(Stored data)
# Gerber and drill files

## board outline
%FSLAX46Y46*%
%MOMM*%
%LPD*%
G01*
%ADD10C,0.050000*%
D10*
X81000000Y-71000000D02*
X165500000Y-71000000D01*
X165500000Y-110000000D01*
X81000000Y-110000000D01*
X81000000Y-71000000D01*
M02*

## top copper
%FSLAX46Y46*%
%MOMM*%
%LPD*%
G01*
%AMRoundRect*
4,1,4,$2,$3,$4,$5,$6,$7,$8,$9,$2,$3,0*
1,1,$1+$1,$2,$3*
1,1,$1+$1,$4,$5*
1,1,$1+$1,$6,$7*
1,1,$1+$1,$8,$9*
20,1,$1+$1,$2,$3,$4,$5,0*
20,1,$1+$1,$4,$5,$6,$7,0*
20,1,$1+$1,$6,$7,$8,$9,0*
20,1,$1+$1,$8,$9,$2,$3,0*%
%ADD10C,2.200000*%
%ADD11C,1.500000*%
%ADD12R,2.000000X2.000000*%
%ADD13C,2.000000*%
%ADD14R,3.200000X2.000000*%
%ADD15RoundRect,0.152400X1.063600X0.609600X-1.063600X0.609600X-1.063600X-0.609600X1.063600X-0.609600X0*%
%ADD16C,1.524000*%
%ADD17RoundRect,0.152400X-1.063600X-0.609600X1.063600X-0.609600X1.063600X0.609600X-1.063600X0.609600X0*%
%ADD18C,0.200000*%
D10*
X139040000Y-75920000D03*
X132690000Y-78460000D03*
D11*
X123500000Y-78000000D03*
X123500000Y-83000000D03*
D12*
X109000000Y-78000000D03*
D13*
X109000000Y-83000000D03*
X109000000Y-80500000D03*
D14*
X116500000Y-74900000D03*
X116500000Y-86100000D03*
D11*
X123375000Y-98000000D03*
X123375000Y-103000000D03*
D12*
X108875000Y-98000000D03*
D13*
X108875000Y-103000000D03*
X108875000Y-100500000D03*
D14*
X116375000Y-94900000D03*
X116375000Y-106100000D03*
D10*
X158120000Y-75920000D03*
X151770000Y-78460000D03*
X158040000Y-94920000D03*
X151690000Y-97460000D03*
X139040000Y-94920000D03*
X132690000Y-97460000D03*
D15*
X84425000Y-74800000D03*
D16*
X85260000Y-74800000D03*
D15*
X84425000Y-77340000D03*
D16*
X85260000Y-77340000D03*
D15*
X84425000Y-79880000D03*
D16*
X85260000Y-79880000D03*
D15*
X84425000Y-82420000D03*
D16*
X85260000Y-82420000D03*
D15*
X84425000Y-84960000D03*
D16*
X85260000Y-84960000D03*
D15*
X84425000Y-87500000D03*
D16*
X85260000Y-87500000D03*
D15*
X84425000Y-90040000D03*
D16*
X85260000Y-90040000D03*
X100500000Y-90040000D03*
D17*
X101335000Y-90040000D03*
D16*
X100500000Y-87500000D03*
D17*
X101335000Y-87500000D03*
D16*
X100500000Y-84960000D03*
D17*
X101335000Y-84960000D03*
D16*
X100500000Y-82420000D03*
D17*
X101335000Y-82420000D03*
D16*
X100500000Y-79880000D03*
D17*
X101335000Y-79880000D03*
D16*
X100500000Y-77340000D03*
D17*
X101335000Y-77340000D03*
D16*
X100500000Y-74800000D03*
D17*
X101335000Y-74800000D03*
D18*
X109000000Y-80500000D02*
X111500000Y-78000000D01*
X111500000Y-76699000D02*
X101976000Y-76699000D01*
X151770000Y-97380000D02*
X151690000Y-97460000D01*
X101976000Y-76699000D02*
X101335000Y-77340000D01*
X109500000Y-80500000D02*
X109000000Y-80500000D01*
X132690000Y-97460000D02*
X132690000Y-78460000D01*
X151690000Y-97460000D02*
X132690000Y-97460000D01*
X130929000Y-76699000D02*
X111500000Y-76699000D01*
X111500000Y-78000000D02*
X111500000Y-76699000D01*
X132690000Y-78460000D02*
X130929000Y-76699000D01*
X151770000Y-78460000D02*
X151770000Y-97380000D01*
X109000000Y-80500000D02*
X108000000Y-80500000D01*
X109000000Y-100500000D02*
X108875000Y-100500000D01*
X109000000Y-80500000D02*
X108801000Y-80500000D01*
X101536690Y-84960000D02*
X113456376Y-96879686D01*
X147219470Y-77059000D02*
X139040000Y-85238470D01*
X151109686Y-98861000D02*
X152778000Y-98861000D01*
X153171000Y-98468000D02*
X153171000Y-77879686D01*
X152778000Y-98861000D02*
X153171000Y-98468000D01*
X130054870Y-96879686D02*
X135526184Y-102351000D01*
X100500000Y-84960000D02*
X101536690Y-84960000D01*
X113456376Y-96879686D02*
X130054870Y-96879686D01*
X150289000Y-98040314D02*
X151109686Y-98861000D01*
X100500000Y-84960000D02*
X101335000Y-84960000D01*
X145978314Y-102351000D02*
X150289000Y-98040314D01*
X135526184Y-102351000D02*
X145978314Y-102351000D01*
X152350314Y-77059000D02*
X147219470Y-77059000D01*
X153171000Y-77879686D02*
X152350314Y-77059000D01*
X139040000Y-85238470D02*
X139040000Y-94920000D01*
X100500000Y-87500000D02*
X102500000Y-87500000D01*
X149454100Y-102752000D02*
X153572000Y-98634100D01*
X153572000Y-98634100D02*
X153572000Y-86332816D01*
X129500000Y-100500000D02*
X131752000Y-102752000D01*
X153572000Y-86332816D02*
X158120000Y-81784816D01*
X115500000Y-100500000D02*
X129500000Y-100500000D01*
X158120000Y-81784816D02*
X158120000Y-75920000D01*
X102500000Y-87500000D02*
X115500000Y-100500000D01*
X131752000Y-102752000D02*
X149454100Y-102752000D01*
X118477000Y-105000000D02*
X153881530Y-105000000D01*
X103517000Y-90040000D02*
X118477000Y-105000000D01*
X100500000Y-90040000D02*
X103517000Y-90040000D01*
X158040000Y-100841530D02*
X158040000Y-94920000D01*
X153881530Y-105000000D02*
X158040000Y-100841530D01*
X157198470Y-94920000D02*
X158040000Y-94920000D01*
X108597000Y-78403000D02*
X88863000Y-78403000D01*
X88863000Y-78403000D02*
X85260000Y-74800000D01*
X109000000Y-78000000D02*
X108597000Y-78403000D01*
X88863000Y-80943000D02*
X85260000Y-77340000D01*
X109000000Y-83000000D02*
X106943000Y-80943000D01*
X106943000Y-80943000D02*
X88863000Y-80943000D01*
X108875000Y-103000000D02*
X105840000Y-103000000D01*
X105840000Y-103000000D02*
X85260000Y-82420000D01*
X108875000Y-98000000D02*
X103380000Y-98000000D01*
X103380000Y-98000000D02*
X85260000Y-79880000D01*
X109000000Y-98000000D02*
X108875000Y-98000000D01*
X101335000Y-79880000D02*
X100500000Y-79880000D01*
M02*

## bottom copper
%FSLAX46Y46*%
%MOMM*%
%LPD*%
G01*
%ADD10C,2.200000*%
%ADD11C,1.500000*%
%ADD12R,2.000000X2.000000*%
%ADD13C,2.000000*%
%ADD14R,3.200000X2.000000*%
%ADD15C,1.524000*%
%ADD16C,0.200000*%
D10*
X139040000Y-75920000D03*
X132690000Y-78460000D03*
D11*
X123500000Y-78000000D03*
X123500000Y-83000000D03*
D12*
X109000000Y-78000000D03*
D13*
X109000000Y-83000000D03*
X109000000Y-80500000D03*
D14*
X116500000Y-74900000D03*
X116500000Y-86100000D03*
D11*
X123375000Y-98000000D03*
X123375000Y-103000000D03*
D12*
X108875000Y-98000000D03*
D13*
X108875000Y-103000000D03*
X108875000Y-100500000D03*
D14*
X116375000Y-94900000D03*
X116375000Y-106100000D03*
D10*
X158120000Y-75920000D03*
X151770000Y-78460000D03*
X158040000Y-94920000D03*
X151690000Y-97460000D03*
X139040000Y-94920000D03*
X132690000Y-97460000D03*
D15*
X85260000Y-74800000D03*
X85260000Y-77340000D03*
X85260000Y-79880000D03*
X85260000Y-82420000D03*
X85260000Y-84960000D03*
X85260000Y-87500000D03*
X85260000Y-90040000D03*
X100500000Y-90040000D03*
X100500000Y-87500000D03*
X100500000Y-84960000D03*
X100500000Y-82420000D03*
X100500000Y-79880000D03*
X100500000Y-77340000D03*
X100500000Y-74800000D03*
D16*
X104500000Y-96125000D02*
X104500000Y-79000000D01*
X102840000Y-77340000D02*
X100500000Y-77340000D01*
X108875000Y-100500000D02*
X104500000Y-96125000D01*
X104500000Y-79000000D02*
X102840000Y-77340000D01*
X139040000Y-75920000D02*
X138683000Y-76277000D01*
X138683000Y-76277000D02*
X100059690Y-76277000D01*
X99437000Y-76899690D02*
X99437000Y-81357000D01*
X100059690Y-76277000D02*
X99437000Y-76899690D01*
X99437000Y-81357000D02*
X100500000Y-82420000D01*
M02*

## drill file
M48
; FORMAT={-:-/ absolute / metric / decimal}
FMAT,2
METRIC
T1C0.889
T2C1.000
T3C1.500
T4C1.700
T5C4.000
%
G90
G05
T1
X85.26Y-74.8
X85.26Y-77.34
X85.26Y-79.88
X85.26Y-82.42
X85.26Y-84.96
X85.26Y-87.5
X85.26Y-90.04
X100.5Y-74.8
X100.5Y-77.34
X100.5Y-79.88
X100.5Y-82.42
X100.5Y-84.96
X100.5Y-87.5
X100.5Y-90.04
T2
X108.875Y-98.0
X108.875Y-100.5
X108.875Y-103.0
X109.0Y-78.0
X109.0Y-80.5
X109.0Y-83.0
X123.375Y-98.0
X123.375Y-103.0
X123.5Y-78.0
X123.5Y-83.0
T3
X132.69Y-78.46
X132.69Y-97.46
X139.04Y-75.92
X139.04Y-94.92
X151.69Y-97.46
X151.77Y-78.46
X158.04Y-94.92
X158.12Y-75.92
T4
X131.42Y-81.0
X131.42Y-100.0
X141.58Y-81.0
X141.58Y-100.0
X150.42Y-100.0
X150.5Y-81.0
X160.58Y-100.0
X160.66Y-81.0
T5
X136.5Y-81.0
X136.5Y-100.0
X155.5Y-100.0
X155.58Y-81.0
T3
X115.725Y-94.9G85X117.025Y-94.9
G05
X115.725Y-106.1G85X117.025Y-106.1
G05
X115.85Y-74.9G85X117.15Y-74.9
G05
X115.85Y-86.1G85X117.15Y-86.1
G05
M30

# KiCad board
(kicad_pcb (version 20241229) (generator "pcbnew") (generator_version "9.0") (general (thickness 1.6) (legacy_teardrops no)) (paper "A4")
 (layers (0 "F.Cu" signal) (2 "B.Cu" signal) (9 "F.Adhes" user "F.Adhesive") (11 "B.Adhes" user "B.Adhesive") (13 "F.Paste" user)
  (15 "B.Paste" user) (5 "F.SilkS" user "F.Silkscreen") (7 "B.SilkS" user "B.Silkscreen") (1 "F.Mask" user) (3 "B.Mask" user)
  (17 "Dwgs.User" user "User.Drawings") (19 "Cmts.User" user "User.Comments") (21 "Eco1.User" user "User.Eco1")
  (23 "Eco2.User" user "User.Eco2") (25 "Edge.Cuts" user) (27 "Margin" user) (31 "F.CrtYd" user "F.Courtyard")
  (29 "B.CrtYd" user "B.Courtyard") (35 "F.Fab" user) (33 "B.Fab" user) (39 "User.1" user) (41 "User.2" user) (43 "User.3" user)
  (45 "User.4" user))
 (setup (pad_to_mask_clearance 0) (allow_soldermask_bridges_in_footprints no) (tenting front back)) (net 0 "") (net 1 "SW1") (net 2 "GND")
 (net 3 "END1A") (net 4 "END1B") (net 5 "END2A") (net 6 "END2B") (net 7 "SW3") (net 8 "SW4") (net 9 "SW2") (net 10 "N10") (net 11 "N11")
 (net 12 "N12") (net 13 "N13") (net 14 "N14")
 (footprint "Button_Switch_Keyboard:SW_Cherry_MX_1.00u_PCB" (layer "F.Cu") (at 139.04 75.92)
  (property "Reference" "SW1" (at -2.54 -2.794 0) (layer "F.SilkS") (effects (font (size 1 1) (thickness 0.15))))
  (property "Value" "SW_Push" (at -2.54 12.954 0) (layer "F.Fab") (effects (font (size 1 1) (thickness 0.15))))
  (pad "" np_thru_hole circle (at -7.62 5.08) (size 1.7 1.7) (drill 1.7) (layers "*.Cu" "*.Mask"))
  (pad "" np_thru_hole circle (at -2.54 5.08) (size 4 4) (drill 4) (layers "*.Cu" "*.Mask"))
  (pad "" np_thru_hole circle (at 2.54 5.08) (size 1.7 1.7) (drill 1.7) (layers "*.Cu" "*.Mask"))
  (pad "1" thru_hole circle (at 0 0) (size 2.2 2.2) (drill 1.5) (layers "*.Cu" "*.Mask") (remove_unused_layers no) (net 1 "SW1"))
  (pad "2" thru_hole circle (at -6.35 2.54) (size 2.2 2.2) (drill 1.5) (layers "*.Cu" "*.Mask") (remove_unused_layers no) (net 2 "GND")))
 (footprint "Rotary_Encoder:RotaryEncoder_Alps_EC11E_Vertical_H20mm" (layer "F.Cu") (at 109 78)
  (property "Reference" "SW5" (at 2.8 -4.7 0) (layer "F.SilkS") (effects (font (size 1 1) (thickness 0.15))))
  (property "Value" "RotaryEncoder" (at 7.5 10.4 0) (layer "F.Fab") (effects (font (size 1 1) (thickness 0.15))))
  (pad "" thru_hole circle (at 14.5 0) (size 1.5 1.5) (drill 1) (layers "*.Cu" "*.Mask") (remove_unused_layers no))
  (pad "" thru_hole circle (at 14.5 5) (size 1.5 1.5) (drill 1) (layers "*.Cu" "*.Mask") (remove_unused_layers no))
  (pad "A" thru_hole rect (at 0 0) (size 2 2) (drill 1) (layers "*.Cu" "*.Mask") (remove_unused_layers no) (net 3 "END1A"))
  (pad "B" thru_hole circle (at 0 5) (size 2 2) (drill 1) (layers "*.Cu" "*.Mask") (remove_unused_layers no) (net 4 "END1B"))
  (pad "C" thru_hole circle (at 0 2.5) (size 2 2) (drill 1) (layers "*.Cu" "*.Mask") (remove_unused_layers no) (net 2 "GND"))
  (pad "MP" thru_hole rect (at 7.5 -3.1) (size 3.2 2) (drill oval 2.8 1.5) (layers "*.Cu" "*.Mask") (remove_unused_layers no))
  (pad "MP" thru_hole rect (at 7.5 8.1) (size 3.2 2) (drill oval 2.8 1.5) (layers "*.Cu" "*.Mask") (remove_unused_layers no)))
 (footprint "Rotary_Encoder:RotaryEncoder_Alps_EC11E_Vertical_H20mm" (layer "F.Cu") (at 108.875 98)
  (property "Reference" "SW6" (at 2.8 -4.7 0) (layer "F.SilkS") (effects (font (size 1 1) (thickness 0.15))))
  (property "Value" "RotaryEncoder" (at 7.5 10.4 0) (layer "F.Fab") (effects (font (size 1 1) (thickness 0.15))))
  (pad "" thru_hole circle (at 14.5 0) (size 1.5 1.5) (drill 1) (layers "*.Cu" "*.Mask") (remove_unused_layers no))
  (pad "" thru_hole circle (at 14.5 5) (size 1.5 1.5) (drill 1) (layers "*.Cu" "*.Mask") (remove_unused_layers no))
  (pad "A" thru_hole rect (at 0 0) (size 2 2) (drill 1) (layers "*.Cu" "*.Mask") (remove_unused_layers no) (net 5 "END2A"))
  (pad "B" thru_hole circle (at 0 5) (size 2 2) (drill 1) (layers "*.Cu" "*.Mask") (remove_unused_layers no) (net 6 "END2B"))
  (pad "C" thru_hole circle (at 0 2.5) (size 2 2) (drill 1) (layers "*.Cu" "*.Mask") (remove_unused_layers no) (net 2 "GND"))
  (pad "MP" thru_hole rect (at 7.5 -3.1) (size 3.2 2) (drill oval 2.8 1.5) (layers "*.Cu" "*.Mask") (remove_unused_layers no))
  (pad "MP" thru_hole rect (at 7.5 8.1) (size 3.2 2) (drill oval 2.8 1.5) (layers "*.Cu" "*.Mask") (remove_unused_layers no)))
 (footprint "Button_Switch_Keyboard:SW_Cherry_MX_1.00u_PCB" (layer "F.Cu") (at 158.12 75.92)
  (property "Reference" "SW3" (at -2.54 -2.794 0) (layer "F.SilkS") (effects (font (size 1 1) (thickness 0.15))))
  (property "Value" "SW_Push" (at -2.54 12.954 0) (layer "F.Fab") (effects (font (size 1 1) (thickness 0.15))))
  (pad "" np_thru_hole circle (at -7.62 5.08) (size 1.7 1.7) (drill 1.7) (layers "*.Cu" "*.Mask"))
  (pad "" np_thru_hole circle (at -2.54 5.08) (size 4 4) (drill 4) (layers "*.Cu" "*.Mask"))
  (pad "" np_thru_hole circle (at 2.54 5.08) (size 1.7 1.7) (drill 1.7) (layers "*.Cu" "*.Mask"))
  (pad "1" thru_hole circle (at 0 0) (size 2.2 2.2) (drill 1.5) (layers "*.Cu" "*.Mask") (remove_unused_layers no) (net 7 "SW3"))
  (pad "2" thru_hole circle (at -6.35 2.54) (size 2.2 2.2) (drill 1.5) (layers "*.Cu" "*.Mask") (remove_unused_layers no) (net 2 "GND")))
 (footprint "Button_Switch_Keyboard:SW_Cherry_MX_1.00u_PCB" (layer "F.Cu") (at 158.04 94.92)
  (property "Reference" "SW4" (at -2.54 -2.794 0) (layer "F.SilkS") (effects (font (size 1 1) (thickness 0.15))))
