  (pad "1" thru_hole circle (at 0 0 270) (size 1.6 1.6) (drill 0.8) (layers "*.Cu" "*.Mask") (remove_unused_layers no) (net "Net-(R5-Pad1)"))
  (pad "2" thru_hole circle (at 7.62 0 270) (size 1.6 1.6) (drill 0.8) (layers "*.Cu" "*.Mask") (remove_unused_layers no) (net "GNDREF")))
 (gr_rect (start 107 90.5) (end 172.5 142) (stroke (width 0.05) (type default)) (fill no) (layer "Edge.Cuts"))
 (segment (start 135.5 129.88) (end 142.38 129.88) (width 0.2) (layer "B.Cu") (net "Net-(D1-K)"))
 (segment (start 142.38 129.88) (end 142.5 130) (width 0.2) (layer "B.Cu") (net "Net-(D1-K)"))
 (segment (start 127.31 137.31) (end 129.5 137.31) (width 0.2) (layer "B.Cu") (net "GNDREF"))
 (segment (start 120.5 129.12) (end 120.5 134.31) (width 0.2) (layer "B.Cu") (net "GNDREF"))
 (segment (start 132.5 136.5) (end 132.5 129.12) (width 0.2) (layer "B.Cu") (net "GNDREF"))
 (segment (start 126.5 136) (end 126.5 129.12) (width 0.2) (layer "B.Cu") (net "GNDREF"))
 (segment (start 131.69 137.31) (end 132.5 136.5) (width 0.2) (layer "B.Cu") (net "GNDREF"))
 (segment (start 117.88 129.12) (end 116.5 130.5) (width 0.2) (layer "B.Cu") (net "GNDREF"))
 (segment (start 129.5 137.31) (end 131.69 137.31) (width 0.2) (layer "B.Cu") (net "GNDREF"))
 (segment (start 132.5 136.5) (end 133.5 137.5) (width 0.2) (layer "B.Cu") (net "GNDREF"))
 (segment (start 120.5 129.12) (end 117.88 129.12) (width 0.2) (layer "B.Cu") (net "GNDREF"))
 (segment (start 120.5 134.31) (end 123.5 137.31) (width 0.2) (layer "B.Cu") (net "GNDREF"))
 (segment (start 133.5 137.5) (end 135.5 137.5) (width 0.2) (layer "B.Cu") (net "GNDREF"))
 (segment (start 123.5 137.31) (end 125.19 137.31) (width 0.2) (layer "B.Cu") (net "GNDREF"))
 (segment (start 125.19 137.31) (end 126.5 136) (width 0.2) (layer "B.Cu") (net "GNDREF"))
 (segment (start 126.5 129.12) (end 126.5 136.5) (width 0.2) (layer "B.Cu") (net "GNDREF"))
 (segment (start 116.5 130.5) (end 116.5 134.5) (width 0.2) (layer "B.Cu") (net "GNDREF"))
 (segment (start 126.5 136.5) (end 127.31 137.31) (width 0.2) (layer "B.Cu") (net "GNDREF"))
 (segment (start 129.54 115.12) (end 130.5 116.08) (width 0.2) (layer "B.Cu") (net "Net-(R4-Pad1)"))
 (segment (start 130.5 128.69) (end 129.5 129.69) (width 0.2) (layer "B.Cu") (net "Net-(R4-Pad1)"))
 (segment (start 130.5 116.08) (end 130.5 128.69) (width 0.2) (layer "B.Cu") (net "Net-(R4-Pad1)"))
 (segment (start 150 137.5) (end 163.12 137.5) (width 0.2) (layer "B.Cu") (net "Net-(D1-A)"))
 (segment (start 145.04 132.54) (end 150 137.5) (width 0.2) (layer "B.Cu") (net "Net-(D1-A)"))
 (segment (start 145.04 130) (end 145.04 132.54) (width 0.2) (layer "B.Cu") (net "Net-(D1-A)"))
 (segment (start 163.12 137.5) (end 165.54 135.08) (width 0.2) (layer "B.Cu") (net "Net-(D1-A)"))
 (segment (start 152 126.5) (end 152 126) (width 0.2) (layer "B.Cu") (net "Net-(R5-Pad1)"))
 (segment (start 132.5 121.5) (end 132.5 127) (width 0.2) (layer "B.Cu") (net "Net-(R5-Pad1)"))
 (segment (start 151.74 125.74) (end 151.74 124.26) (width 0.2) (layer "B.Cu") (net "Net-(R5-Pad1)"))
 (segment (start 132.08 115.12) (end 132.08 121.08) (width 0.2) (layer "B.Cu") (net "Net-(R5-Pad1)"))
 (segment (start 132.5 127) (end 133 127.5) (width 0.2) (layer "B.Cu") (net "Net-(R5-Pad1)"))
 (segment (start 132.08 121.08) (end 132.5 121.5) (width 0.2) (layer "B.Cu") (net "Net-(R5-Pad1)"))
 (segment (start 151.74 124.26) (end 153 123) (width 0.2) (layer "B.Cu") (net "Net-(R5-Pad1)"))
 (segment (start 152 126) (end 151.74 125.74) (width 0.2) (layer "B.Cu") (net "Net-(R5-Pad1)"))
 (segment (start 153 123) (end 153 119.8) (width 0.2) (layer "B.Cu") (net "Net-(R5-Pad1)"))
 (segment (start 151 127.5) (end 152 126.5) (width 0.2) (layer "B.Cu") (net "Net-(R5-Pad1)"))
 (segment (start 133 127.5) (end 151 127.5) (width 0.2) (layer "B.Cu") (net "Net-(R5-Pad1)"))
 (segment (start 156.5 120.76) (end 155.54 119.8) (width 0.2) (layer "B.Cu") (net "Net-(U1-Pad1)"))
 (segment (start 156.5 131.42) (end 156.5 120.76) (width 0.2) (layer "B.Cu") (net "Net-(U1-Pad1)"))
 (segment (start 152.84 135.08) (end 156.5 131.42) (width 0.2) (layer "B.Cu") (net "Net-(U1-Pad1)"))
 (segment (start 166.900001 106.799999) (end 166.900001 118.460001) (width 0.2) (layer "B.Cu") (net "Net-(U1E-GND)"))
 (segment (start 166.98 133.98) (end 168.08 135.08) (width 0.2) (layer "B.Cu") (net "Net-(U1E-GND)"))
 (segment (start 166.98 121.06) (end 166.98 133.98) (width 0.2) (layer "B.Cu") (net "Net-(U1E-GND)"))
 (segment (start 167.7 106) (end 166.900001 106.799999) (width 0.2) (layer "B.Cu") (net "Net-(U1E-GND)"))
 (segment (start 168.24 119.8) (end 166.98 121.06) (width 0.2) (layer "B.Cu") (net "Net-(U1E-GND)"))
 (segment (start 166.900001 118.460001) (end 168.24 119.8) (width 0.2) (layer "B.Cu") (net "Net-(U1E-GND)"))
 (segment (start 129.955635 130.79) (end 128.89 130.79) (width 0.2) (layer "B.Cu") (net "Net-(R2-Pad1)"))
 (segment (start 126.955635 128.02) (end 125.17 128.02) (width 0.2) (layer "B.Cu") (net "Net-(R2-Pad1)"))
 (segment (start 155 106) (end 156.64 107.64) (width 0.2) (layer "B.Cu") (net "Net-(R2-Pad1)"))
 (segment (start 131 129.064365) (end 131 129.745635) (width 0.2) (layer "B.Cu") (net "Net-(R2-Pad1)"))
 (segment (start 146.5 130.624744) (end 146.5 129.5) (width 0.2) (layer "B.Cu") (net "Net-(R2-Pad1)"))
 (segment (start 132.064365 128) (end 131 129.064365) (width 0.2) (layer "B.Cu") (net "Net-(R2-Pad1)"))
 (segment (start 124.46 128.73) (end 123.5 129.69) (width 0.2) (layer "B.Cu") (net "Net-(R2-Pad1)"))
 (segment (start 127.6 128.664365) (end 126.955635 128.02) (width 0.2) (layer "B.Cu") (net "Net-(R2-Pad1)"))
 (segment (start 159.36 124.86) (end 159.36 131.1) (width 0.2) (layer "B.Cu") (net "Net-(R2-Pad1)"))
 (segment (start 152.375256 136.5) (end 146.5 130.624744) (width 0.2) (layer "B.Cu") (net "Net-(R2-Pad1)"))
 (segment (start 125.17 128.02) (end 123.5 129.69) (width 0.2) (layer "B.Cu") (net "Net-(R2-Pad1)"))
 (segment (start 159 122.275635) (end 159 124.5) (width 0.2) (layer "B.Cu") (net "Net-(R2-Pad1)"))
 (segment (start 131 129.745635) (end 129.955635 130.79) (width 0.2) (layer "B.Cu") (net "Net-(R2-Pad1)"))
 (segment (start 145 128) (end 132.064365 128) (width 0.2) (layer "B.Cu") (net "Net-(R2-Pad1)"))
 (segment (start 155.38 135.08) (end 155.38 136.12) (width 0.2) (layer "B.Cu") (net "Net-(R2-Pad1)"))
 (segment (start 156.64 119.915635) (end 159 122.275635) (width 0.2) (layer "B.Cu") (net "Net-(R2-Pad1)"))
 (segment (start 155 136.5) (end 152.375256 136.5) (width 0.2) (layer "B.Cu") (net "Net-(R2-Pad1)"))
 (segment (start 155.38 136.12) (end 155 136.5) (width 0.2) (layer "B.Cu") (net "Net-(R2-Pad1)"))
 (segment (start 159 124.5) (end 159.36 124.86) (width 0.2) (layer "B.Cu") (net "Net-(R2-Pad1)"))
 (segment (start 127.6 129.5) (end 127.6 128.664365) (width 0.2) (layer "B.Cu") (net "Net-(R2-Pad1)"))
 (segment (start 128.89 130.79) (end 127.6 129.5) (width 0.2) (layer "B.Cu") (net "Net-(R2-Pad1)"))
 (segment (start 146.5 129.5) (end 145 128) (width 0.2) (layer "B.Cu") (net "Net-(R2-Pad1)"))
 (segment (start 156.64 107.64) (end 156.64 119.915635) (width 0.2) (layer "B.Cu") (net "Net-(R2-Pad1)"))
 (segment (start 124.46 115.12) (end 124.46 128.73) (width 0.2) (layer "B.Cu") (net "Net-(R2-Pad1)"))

_Description of the task_
Look for the string "Cuts" in the data above and return every line that has it.

_Answer space_
  (23 "Eco2.User" user "User.Eco2") (25 "Edge.Cuts" user) (27 "Margin" user) (31 "F.CrtYd" user "F.Courtyard")
 (gr_rect (start 107 90.5) (end 172.5 142) (stroke (width 0.05) (type default)) (fill no) (layer "Edge.Cuts"))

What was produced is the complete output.